Stored data:
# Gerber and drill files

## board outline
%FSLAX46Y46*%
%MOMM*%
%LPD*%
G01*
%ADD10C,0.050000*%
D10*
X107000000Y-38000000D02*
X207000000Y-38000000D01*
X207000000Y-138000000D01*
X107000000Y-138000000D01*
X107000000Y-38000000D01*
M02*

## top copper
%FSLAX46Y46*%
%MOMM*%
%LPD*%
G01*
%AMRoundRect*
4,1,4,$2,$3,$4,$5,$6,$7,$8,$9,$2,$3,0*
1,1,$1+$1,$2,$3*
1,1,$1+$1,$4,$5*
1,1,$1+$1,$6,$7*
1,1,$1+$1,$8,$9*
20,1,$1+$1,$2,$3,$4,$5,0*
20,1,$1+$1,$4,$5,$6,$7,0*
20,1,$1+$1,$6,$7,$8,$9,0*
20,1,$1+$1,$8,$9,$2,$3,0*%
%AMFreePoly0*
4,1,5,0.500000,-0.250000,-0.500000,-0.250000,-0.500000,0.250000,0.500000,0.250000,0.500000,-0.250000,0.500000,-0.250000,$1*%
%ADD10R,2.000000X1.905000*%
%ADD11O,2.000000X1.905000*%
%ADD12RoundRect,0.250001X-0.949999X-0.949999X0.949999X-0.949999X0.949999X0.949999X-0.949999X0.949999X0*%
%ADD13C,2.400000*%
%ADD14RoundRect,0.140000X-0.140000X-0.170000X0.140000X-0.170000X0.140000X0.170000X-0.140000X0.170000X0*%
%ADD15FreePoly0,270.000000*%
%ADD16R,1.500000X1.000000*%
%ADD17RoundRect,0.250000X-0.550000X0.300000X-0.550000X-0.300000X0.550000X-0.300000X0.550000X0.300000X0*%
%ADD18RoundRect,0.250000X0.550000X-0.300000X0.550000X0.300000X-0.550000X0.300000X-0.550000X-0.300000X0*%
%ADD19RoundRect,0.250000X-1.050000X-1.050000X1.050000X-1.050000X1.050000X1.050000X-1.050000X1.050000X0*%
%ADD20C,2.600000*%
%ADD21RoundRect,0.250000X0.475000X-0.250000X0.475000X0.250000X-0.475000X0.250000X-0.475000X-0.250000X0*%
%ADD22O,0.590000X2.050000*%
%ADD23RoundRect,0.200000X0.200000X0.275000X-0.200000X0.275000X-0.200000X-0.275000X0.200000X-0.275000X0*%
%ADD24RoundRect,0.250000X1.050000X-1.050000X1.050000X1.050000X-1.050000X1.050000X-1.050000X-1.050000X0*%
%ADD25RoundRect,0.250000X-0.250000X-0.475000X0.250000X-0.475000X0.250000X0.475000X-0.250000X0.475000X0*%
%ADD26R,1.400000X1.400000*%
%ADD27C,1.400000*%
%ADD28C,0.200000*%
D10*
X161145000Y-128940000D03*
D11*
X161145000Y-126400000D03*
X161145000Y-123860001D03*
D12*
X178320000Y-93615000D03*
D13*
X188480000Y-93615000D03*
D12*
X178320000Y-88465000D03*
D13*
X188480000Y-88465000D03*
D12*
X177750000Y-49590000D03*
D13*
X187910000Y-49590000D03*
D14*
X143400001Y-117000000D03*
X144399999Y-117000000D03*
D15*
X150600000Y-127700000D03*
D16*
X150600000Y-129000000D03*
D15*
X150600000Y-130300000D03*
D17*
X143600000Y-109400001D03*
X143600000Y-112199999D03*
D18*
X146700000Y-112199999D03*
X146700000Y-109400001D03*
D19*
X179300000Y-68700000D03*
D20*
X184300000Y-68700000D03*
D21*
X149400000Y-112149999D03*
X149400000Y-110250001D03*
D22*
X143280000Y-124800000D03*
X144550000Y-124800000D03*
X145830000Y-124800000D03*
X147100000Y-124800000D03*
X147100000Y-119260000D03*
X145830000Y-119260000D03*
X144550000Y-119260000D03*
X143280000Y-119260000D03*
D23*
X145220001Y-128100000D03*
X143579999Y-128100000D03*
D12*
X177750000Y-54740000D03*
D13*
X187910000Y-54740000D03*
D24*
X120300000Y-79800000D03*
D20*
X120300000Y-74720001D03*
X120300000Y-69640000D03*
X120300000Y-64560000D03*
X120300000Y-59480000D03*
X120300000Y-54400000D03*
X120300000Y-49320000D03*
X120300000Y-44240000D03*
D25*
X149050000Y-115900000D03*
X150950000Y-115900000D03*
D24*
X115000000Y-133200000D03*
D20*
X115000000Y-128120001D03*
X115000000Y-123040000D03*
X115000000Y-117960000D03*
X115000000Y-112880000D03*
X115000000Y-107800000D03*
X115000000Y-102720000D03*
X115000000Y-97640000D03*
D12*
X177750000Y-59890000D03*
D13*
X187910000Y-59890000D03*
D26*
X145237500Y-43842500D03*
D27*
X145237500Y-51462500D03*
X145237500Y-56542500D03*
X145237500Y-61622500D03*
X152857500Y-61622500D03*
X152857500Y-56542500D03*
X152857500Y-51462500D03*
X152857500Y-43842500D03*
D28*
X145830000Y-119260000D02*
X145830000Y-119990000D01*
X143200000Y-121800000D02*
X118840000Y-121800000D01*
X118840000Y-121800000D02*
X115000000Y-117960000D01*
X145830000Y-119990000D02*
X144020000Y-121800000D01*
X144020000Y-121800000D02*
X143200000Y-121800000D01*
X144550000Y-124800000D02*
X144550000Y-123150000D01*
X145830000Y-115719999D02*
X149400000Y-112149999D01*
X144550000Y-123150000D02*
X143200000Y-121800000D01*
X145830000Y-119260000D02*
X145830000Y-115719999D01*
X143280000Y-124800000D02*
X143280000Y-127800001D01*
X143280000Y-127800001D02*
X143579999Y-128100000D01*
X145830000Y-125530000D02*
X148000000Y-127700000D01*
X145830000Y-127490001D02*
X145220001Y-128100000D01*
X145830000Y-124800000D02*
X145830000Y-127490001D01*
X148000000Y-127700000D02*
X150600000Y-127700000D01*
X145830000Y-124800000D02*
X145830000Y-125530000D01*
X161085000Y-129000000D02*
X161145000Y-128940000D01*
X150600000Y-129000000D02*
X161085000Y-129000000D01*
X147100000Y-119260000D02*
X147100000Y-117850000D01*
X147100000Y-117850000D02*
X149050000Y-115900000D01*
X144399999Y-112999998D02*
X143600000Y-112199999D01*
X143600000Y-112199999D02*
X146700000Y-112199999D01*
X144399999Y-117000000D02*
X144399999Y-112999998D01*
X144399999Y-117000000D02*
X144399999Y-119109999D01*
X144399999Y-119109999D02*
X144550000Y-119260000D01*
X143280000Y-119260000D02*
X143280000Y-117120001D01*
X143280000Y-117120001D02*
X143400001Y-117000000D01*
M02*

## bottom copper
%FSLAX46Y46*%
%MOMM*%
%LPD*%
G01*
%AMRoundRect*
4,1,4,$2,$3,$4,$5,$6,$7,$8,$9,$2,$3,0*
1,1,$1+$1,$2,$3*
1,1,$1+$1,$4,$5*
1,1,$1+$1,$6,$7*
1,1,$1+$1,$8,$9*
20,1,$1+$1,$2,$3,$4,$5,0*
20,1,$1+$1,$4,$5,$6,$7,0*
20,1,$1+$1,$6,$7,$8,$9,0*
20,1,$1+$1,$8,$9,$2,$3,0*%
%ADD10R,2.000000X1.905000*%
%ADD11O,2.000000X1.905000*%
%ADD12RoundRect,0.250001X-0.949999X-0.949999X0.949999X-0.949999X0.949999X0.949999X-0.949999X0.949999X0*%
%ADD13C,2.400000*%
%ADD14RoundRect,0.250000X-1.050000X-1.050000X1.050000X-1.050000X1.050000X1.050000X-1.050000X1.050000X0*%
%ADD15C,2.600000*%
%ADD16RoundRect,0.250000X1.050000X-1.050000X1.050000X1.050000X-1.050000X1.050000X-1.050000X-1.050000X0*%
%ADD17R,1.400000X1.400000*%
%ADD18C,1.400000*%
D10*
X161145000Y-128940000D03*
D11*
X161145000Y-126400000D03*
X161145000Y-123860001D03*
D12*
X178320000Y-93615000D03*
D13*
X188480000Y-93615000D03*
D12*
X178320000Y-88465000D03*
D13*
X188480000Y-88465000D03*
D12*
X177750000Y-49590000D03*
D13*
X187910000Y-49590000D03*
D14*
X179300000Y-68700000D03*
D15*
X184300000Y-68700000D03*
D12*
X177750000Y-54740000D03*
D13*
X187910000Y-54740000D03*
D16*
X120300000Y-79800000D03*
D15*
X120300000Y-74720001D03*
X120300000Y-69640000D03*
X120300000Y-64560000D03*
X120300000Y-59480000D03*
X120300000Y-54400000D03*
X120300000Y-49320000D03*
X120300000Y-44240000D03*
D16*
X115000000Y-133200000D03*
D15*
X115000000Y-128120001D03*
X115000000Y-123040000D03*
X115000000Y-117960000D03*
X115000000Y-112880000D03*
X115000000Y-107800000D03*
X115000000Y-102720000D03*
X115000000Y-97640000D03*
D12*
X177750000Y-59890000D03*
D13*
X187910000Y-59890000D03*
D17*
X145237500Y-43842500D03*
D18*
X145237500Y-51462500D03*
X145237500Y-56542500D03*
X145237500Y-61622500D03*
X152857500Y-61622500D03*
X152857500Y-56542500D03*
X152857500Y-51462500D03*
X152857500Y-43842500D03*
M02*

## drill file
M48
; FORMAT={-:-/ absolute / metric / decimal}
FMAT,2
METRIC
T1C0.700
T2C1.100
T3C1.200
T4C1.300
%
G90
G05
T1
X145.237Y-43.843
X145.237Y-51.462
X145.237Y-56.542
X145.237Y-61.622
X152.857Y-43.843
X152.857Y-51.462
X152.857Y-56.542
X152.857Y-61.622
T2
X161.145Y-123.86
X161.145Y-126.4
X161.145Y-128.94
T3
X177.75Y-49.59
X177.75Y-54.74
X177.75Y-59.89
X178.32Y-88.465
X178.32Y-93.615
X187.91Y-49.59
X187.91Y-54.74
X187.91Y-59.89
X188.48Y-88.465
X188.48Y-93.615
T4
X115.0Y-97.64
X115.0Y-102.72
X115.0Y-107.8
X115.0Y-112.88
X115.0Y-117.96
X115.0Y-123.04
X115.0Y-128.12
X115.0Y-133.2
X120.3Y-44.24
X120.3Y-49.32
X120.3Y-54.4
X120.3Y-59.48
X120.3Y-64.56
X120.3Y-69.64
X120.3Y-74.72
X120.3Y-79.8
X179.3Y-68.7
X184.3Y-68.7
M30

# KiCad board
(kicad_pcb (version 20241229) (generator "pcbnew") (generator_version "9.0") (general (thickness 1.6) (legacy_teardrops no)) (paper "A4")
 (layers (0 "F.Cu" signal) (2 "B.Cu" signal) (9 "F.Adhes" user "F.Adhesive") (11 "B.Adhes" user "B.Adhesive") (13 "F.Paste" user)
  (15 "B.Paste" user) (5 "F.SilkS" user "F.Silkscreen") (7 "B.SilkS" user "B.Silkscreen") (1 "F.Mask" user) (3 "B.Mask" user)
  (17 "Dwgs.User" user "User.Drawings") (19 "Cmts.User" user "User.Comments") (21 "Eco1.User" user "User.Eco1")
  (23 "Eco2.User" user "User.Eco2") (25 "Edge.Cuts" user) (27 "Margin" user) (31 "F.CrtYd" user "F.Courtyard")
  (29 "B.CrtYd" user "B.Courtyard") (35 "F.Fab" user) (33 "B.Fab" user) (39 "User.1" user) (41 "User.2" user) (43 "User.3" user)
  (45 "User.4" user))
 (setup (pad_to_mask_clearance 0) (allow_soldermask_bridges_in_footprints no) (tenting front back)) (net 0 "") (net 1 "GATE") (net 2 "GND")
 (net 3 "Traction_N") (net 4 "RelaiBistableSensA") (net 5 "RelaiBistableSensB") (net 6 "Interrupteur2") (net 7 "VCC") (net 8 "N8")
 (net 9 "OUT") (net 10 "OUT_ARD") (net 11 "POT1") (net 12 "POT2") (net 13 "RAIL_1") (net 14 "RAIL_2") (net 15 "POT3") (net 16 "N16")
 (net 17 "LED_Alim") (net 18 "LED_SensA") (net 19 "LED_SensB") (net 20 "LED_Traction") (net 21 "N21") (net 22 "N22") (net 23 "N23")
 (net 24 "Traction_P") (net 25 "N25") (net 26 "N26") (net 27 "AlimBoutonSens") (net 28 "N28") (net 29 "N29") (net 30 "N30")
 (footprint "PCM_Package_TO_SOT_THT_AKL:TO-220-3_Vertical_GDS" (layer "F.Cu") (at 161.145 128.94 90)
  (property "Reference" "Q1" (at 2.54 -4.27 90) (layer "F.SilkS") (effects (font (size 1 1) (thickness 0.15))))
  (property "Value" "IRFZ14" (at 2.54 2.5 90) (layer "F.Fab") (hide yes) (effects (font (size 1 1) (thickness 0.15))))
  (pad "1" thru_hole rect (at 0 0 90) (size 1.905 2) (drill 1.1) (layers "*.Cu" "*.Mask") (remove_unused_layers no) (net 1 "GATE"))
  (pad "2" thru_hole oval (at 2.54 0 90) (size 1.905 2) (drill 1.1) (layers "*.Cu" "*.Mask") (remove_unused_layers no) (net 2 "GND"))
  (pad "3" thru_hole oval (at 5.079999 0 90) (size 1.905 2) (drill 1.1) (layers "*.Cu" "*.Mask") (remove_unused_layers no)
   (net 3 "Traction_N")))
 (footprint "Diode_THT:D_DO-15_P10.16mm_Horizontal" (layer "F.Cu") (at 178.32 93.615)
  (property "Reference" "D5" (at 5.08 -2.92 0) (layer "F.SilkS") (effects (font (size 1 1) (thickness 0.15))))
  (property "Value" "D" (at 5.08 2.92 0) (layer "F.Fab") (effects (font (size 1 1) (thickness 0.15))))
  (pad "1" thru_hole roundrect (at 0 0) (size 2.4 2.4) (drill 1.2) (layers "*.Cu" "*.Mask") (remove_unused_layers no)
   (roundrect_rratio 0.104167) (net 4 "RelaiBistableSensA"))
  (pad "2" thru_hole circle (at 10.16 0) (size 2.4 2.4) (drill 1.2) (layers "*.Cu" "*.Mask") (remove_unused_layers no) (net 2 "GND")))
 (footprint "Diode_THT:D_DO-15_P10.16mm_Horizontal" (layer "F.Cu") (at 178.32 88.465)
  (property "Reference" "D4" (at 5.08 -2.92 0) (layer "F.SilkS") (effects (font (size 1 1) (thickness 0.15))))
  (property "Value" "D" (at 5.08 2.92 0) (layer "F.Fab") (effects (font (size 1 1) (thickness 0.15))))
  (pad "1" thru_hole roundrect (at 0 0) (size 2.4 2.4) (drill 1.2) (layers "*.Cu" "*.Mask") (remove_unused_layers no)
   (roundrect_rratio 0.104167) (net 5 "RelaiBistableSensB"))
  (pad "2" thru_hole circle (at 10.16 0) (size 2.4 2.4) (drill 1.2) (layers "*.Cu" "*.Mask") (remove_unused_layers no) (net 2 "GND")))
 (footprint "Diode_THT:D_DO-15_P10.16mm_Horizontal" (layer "F.Cu") (at 177.75 49.59)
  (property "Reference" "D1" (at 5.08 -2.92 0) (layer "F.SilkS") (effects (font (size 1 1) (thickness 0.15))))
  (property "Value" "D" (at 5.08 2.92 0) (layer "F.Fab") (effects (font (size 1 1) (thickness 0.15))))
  (pad "1" thru_hole roundrect (at 0 0) (size 2.4 2.4) (drill 1.2) (layers "*.Cu" "*.Mask") (remove_unused_layers no)
   (roundrect_rratio 0.104167) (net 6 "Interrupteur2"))
  (pad "2" thru_hole circle (at 10.16 0) (size 2.4 2.4) (drill 1.2) (layers "*.Cu" "*.Mask") (remove_unused_layers no) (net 2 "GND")))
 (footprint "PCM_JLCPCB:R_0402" (layer "F.Cu") (at 143.9 117)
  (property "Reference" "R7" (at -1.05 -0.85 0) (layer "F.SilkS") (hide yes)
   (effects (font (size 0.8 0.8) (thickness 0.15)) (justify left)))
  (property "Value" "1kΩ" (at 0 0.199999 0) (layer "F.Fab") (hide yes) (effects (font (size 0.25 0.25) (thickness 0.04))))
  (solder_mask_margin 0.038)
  (pad "1" smd roundrect (at -0.499999 0) (size 0.56 0.62) (layers "F.Cu" "F.Mask" "F.Paste") (roundrect_rratio 0.25) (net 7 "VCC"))
  (pad "2" smd roundrect (at 0.499999 0) (size 0.56 0.62) (layers "F.Cu" "F.Mask" "F.Paste") (roundrect_rratio 0.25) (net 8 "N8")))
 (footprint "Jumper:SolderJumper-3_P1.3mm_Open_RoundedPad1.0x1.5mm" (layer "F.Cu") (at 150.6 129 -90)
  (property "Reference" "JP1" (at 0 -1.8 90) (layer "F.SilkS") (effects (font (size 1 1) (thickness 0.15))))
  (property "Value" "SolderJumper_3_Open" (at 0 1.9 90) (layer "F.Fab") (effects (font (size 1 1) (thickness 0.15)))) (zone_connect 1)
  (pad "1" smd custom (at -1.3 0 270) (size 1 0.5) (layers "F.Cu" "F.Mask") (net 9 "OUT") (zone_connect 2) (thermal_bridge_angle 45)
   (options (clearance outline) (anchor rect)) (primitives))
  (pad "2" smd rect (at 0 0 270) (size 1 1.5) (layers "F.Cu" "F.Mask") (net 1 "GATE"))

▶ **Activity**: What lines above contain "CrtYd"? Copy them out.

▶ **Exercise output**:
  (23 "Eco2.User" user "User.Eco2") (25 "Edge.Cuts" user) (27 "Margin" user) (31 "F.CrtYd" user "F.Courtyard")
  (29 "B.CrtYd" user "B.Courtyard") (35 "F.Fab" user) (33 "B.Fab" user) (39 "User.1" user) (41 "User.2" user) (43 "User.3" user)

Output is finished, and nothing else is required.